Here is a quick demo for code that fails in this way:
https://paste.sr.ht/~roselandgoose/aa15a7897bce80ecff20035577f9c08730330a77

Currently it manifests (on my machine) as a match on an invalid tagged
union, which in turn is caught by the familiar "compiler bug" assertion.
Although this could just as well lead to a segfault in a different
context.

So independent of what change will make the most sense for hare-json, an
extlib package, my question is what of the possible responses would pass
muster for code in the stdlib?

The easiest option is probably just to expand the comment warning about
pointers returned by get(). I'm planning to send a patch for this, btw.
Would that be considered OK for a module in the stdlib too?

Another option I've seen is to make the size of each bucket fixed (once
allocated) and use static slice operations, aborting if it gets full. I
assume that this would not be appropriate for the stdlib unless the case
was very unlikely to arise (unlike here).

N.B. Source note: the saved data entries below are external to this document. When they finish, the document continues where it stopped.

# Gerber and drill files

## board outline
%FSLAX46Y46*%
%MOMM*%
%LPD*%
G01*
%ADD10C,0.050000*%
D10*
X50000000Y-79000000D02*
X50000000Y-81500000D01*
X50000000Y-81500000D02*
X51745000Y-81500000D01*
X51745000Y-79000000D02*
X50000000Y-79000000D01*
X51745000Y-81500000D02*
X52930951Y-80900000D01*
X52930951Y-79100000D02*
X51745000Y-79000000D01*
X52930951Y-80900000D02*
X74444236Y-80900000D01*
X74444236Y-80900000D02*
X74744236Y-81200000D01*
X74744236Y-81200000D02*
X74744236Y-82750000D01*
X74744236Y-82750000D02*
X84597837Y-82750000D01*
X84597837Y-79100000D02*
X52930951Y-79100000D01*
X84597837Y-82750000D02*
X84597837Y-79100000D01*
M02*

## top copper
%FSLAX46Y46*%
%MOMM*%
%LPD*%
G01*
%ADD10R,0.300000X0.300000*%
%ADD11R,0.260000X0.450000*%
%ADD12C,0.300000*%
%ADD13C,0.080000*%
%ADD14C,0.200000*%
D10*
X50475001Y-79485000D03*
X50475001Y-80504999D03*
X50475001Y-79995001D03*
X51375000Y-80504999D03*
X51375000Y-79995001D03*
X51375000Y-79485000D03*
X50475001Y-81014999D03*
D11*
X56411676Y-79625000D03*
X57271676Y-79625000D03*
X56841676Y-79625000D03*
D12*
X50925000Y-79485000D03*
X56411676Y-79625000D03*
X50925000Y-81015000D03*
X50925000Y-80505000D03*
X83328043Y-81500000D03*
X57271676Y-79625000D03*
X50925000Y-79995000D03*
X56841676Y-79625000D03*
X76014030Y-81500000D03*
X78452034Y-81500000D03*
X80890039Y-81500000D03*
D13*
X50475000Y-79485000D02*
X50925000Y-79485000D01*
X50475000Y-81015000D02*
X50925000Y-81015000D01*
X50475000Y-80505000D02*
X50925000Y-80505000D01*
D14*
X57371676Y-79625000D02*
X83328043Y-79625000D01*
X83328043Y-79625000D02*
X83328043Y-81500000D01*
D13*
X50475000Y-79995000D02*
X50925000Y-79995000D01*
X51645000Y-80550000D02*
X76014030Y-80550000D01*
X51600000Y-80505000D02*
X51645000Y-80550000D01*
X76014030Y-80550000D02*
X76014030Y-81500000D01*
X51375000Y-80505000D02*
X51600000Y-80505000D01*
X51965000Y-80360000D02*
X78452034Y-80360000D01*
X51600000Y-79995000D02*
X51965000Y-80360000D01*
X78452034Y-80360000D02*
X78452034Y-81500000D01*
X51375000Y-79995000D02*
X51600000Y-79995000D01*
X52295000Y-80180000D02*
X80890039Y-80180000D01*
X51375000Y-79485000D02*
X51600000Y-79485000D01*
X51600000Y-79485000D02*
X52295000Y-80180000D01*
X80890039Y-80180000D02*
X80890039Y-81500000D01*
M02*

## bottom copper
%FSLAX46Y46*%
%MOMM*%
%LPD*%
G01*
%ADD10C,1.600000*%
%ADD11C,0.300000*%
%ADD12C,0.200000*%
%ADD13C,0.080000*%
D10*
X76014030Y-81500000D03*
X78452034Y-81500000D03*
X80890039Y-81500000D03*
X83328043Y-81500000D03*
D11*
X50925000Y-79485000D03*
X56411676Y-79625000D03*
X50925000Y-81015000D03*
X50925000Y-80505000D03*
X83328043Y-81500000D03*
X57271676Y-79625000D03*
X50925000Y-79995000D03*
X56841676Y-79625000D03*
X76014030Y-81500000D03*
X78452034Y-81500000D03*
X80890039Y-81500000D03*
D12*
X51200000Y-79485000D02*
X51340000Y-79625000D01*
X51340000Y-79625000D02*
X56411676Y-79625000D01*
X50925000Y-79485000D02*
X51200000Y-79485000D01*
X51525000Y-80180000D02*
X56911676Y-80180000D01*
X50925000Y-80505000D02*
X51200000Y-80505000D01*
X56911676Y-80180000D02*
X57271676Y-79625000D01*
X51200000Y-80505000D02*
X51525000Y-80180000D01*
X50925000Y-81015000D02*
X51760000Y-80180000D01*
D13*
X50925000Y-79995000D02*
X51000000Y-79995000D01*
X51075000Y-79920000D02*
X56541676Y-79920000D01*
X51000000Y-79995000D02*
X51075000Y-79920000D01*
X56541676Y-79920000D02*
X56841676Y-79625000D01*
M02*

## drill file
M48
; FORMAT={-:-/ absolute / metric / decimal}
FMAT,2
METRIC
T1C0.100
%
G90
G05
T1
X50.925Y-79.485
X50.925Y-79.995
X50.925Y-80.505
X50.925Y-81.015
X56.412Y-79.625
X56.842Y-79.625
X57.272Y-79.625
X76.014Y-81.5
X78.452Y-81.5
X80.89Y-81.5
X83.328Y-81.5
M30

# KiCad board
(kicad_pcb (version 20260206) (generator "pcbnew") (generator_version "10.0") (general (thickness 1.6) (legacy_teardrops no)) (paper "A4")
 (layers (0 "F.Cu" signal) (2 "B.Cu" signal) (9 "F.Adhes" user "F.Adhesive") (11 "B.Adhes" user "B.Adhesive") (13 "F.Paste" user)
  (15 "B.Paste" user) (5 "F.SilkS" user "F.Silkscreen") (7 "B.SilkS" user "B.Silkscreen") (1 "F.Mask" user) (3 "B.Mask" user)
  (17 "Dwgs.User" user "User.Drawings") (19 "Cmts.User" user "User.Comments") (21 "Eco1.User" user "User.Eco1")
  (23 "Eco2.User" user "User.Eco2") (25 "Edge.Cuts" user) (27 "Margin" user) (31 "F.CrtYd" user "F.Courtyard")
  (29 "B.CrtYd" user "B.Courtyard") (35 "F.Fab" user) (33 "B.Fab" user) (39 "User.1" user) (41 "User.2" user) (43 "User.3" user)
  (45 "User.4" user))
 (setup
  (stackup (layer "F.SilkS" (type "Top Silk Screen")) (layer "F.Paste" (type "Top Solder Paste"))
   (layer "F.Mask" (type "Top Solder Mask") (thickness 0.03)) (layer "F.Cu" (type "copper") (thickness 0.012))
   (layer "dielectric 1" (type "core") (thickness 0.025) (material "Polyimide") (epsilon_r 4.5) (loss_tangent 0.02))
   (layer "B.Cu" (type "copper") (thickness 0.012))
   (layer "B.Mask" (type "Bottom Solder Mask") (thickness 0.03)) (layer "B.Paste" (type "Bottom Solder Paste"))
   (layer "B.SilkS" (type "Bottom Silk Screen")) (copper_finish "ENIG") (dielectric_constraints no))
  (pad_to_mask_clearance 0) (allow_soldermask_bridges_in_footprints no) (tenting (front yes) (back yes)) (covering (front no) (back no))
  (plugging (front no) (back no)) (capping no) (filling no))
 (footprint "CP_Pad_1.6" (layer "F.Cu") (at 76.01403 81.5)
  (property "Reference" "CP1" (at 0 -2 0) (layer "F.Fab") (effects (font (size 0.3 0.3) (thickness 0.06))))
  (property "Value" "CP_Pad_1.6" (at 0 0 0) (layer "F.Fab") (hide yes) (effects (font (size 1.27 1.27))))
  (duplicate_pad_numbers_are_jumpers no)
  (pad "1" smd circle (at 0 0) (size 1.6 1.6) (layers "B.Cu" "B.Mask") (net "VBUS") (solder_mask_margin 0.1)))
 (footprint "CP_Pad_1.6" (layer "F.Cu") (at 83.328043 81.5)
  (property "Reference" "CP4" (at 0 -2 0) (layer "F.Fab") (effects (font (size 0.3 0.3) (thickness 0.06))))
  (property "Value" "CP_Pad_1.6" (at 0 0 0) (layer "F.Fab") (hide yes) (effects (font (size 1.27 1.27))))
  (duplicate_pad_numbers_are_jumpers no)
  (pad "1" smd circle (at 0 0) (size 1.6 1.6) (layers "B.Cu" "B.Mask") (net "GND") (solder_mask_margin 0.1)))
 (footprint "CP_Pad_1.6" (layer "F.Cu") (at 80.890039 81.5)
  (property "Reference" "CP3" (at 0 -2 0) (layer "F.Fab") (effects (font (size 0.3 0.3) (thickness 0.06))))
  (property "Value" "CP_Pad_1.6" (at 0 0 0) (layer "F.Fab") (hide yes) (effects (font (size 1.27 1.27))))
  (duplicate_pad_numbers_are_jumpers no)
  (pad "1" smd circle (at 0 0) (size 1.6 1.6) (layers "B.Cu" "B.Mask") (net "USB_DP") (solder_mask_margin 0.1)))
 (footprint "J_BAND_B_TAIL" (layer "F.Cu") (at 50.9 80.25)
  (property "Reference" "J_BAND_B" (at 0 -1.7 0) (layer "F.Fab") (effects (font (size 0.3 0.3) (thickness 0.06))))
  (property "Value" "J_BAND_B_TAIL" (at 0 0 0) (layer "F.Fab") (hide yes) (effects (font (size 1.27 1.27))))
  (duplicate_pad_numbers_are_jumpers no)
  (pad "1" smd rect (at -0.424999 -0.765) (size 0.3 0.3) (layers "F.Cu" "F.Mask") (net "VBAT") (solder_mask_margin 0.05)
   (thermal_bridge_angle 45))
  (pad "2" smd rect (at -0.424999 0.254999) (size 0.3 0.3) (layers "F.Cu" "F.Mask") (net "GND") (solder_mask_margin 0.05)
   (thermal_bridge_angle 45))
  (pad "3" smd rect (at -0.424999 -0.254999) (size 0.3 0.3) (layers "F.Cu" "F.Mask") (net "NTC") (solder_mask_margin 0.05)
   (thermal_bridge_angle 45))
  (pad "4" smd rect (at 0.475 0.254999) (size 0.3 0.3) (layers "F.Cu" "F.Mask") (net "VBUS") (solder_mask_margin 0.05)
   (thermal_bridge_angle 45))
  (pad "5" smd rect (at 0.475 -0.254999) (size 0.3 0.3) (layers "F.Cu" "F.Mask") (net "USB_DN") (solder_mask_margin 0.05)
   (thermal_bridge_angle 45))
  (pad "6" smd rect (at 0.475 -0.765) (size 0.3 0.3) (layers "F.Cu" "F.Mask") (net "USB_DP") (solder_mask_margin 0.05)
   (thermal_bridge_angle 45))
  (pad "7" smd rect (at -0.424999 0.764999) (size 0.3 0.3) (layers "F.Cu" "F.Mask") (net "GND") (solder_mask_margin 0.05)
   (thermal_bridge_angle 45)))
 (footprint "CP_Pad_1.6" (layer "F.Cu") (at 78.452034 81.5)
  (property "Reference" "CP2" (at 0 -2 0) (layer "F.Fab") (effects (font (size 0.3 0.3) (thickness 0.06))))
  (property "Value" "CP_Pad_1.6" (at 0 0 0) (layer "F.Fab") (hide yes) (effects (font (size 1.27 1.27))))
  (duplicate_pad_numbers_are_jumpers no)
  (pad "1" smd circle (at 0 0) (size 1.6 1.6) (layers "B.Cu" "B.Mask") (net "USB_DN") (solder_mask_margin 0.1)))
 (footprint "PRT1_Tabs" (layer "F.Cu") (at 56.841676 79.625)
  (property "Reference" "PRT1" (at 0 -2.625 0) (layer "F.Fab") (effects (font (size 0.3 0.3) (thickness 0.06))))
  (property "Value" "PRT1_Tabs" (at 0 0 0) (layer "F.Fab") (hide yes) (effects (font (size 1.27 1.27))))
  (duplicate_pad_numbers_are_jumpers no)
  (pad "1" smd rect (at -0.43 0) (size 0.26 0.45) (layers "F.Cu" "F.Mask") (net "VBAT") (solder_mask_margin 0.05) (thermal_bridge_angle 45))
  (pad "2" smd rect (at 0.43 0) (size 0.26 0.45) (layers "F.Cu" "F.Mask") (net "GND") (solder_mask_margin 0.05) (thermal_bridge_angle 45))
  (pad "3" smd rect (at 0 0) (size 0.26 0.45) (layers "F.Cu" "F.Mask") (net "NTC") (solder_mask_margin 0.05) (thermal_bridge_angle 45)))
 (gr_line (start 50 79) (end 50 81.5) (stroke (width 0.05) (type default)) (layer "Edge.Cuts"))
 (gr_line (start 50 81.5) (end 51.745 81.5) (stroke (width 0.05) (type default)) (layer "Edge.Cuts"))
 (gr_line (start 51.745 79) (end 50 79) (stroke (width 0.05) (type default)) (layer "Edge.Cuts"))
 (gr_line (start 51.745 81.5) (end 52.930951 80.9) (stroke (width 0.05) (type default)) (layer "Edge.Cuts"))
 (gr_line (start 52.930951 79.1) (end 51.745 79) (stroke (width 0.05) (type default)) (layer "Edge.Cuts"))
 (gr_line (start 52.930951 80.9) (end 74.444236 80.9) (stroke (width 0.05) (type default)) (layer "Edge.Cuts"))
 (gr_line (start 74.444236 80.9) (end 74.744236 81.2) (stroke (width 0.05) (type default)) (layer "Edge.Cuts"))
 (gr_line (start 74.744236 81.2) (end 74.744236 82.75) (stroke (width 0.05) (type default)) (layer "Edge.Cuts"))
 (gr_line (start 74.744236 82.75) (end 84.597837 82.75) (stroke (width 0.05) (type default)) (layer "Edge.Cuts"))
 (gr_line (start 84.597837 79.1) (end 52.930951 79.1) (stroke (width 0.05) (type default)) (layer "Edge.Cuts"))
 (gr_line (start 84.597837 82.75) (end 84.597837 79.1) (stroke (width 0.05) (type default)) (layer "Edge.Cuts"))
 (segment (start 51.375 80.505) (end 51.6 80.505) (width 0.08) (layer "F.Cu") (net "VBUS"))
 (segment (start 51.645 80.55) (end 76.01403 80.55) (width 0.08) (layer "F.Cu") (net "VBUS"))
 (segment (start 76.01403 80.55) (end 76.01403 81.5) (width 0.08) (layer "F.Cu") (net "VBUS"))
 (segment (start 51.6 80.505) (end 51.645 80.55) (width 0.08) (layer "F.Cu") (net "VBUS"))
 (via (at 76.01403 81.5) (size 0.3) (drill 0.1) (layers "F.Cu" "B.Cu") (tenting (front yes) (back yes)) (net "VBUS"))
 (segment (start 57.371676 79.625) (end 83.328043 79.625) (width 0.2) (layer "F.Cu") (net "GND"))
 (segment (start 50.475 81.015) (end 50.925 81.015) (width 0.08) (layer "F.Cu") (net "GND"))
 (segment (start 50.475 80.505) (end 50.925 80.505) (width 0.08) (layer "F.Cu") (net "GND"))
 (segment (start 83.328043 79.625) (end 83.328043 81.5) (width 0.2) (layer "F.Cu") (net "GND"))
 (via (at 57.271676 79.625) (size 0.3) (drill 0.1) (layers "F.Cu" "B.Cu") (tenting (front yes) (back yes)) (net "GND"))
 (via (at 50.925 80.505) (size 0.3) (drill 0.1) (layers "F.Cu" "B.Cu") (tenting (front yes) (back yes)) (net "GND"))
 (via (at 50.925 81.015) (size 0.3) (drill 0.1) (layers "F.Cu" "B.Cu") (tenting (front yes) (back yes)) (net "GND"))
 (via (at 83.328043 81.5) (size 0.3) (drill 0.1) (layers "F.Cu" "B.Cu") (tenting (front yes) (back yes)) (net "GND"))
 (segment (start 50.925 80.505) (end 51.2 80.505) (width 0.2) (layer "B.Cu") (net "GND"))
 (segment (start 51.525 80.18) (end 56.911676 80.18) (width 0.2) (layer "B.Cu") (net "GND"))
 (segment (start 51.2 80.505) (end 51.525 80.18) (width 0.2) (layer "B.Cu") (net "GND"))
 (segment (start 56.911676 80.18) (end 57.271676 79.625) (width 0.2) (layer "B.Cu") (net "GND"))
 (segment (start 50.925 81.015) (end 51.76 80.18) (width 0.2) (layer "B.Cu") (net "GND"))
 (segment (start 52.295 80.18) (end 80.890039 80.18) (width 0.08) (layer "F.Cu") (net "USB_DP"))
 (segment (start 51.6 79.485) (end 52.295 80.18) (width 0.08) (layer "F.Cu") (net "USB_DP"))
 (segment (start 80.890039 80.18) (end 80.890039 81.5) (width 0.08) (layer "F.Cu") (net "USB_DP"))
 (segment (start 51.375 79.485) (end 51.6 79.485) (width 0.08) (layer "F.Cu") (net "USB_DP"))
 (via (at 80.890039 81.5) (size 0.3) (drill 0.1) (layers "F.Cu" "B.Cu") (tenting (front yes) (back yes)) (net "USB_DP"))
 (segment (start 50.475 79.485) (end 50.925 79.485) (width 0.08) (layer "F.Cu") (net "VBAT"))
 (via (at 50.925 79.485) (size 0.3) (drill 0.1) (layers "F.Cu" "B.Cu") (tenting (front yes) (back yes)) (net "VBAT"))
 (via (at 56.411676 79.625) (size 0.3) (drill 0.1) (layers "F.Cu" "B.Cu") (tenting (front yes) (back yes)) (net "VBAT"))
 (segment (start 50.925 79.485) (end 51.2 79.485) (width 0.2) (layer "B.Cu") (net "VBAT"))
 (segment (start 51.34 79.625) (end 56.411676 79.625) (width 0.2) (layer "B.Cu") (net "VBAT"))
 (segment (start 51.2 79.485) (end 51.34 79.625) (width 0.2) (layer "B.Cu") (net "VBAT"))
 (segment (start 50.475 79.995) (end 50.925 79.995) (width 0.08) (layer "F.Cu") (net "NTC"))
 (via (at 50.925 79.995) (size 0.3) (drill 0.1) (layers "F.Cu" "B.Cu") (tenting (front yes) (back yes)) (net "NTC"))
 (via (at 56.841676 79.625) (size 0.3) (drill 0.1) (layers "F.Cu" "B.Cu") (tenting (front yes) (back yes)) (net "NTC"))
 (segment (start 51 79.995) (end 51.075 79.92) (width 0.08) (layer "B.Cu") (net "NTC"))
 (segment (start 56.541676 79.92) (end 56.841676 79.625) (width 0.08) (layer "B.Cu") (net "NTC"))
 (segment (start 51.075 79.92) (end 56.541676 79.92) (width 0.08) (layer "B.Cu") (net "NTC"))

The option that I've taken in my hare::unit:: prototype is analogous to
allocating each json::value individually and only storing pointers in
the buckets. Then each bucket can be safely realloced as needed. There
are a number of downsides to this of course, but it seems the simplest
to me.

And of course we could use a more complicated storage system. Unrolled
linked lists for buckets, storing values in a tree instead of a map,
etc. each with their own tradeoffs.

What are your thoughts?

-RKL
Details
Message ID
<D7JY9LNZH9DA.3VA8I36VRLNJL@spxtr.net>
In-Reply-To
<D7J33FFKQZPC.3OCFOHT8WYKMB@rosiesworkshop.net> (view parent)
Sender timestamp
1738701568
DKIM signature
pass
Download raw message
> The option that I've taken in my hare::unit:: prototype is analogous to
> allocating each json::value individually and only storing pointers in
> the buckets. Then each bucket can be safely realloced as needed. There
> are a number of downsides to this of course, but it seems the simplest
> to me.

Personally, I think this is the best way for most cases, and it's what I
use for my own projects. The downsides are relatively minor:

* You have to alloc and free once per item.
* You use an extra pointer's worth of memory per item.
* You have to do an extra pointer deref.
* You lose a bit of cache locality.

(any I missed?)

IMO correctness and simplicity is more important than these, to start
out with.
Details
Message ID
<D7K33UXW9UQX.1F0JPSCNFCZ99@turminal.net>
In-Reply-To
<D7J33FFKQZPC.3OCFOHT8WYKMB@rosiesworkshop.net> (view parent)
Sender timestamp
1738718823
DKIM signature
pass
Download raw message
On Mon Feb 3, 2025 at 9:13 PM CET, Rosie Keith Languet wrote:
> Hi everyone, I have a somewhat open question to ask about hash maps in
> the stdlib. In particular I am hoping to get some clarity on what sorts
> of ownership semantics are desired for hash-maped objects in the stdlib.
>
> I encountered the following issue early on hacking on hare::types::, but
> an example of it which is more likely to cause issues right now is in
> hare-json (although it is extlib).
>
> The issue is the reallocation of buckets in json::object invalidating
> *value pointers which borrow from the object. The docstr for json::get
> does state "The return value is borrowed from the object" but in my
> opinion that does not clearly communicate "this pointer may be
> invalidated by future mutations with put/set." I think this is
> especially problematic given that haredoc will not (by default) show me
> the internal structure of json::object, due to current conventions.
>
> Here is a quick demo for code that fails in this way:
> https://paste.sr.ht/~roselandgoose/aa15a7897bce80ecff20035577f9c08730330a77
>
> Currently it manifests (on my machine) as a match on an invalid tagged
> union, which in turn is caught by the familiar "compiler bug" assertion.
> Although this could just as well lead to a segfault in a different
> context.
>
> So independent of what change will make the most sense for hare-json, an
> extlib package, my question is what of the possible responses would pass
> muster for code in the stdlib?
>
> The easiest option is probably just to expand the comment warning about
> pointers returned by get(). I'm planning to send a patch for this, btw.
> Would that be considered OK for a module in the stdlib too?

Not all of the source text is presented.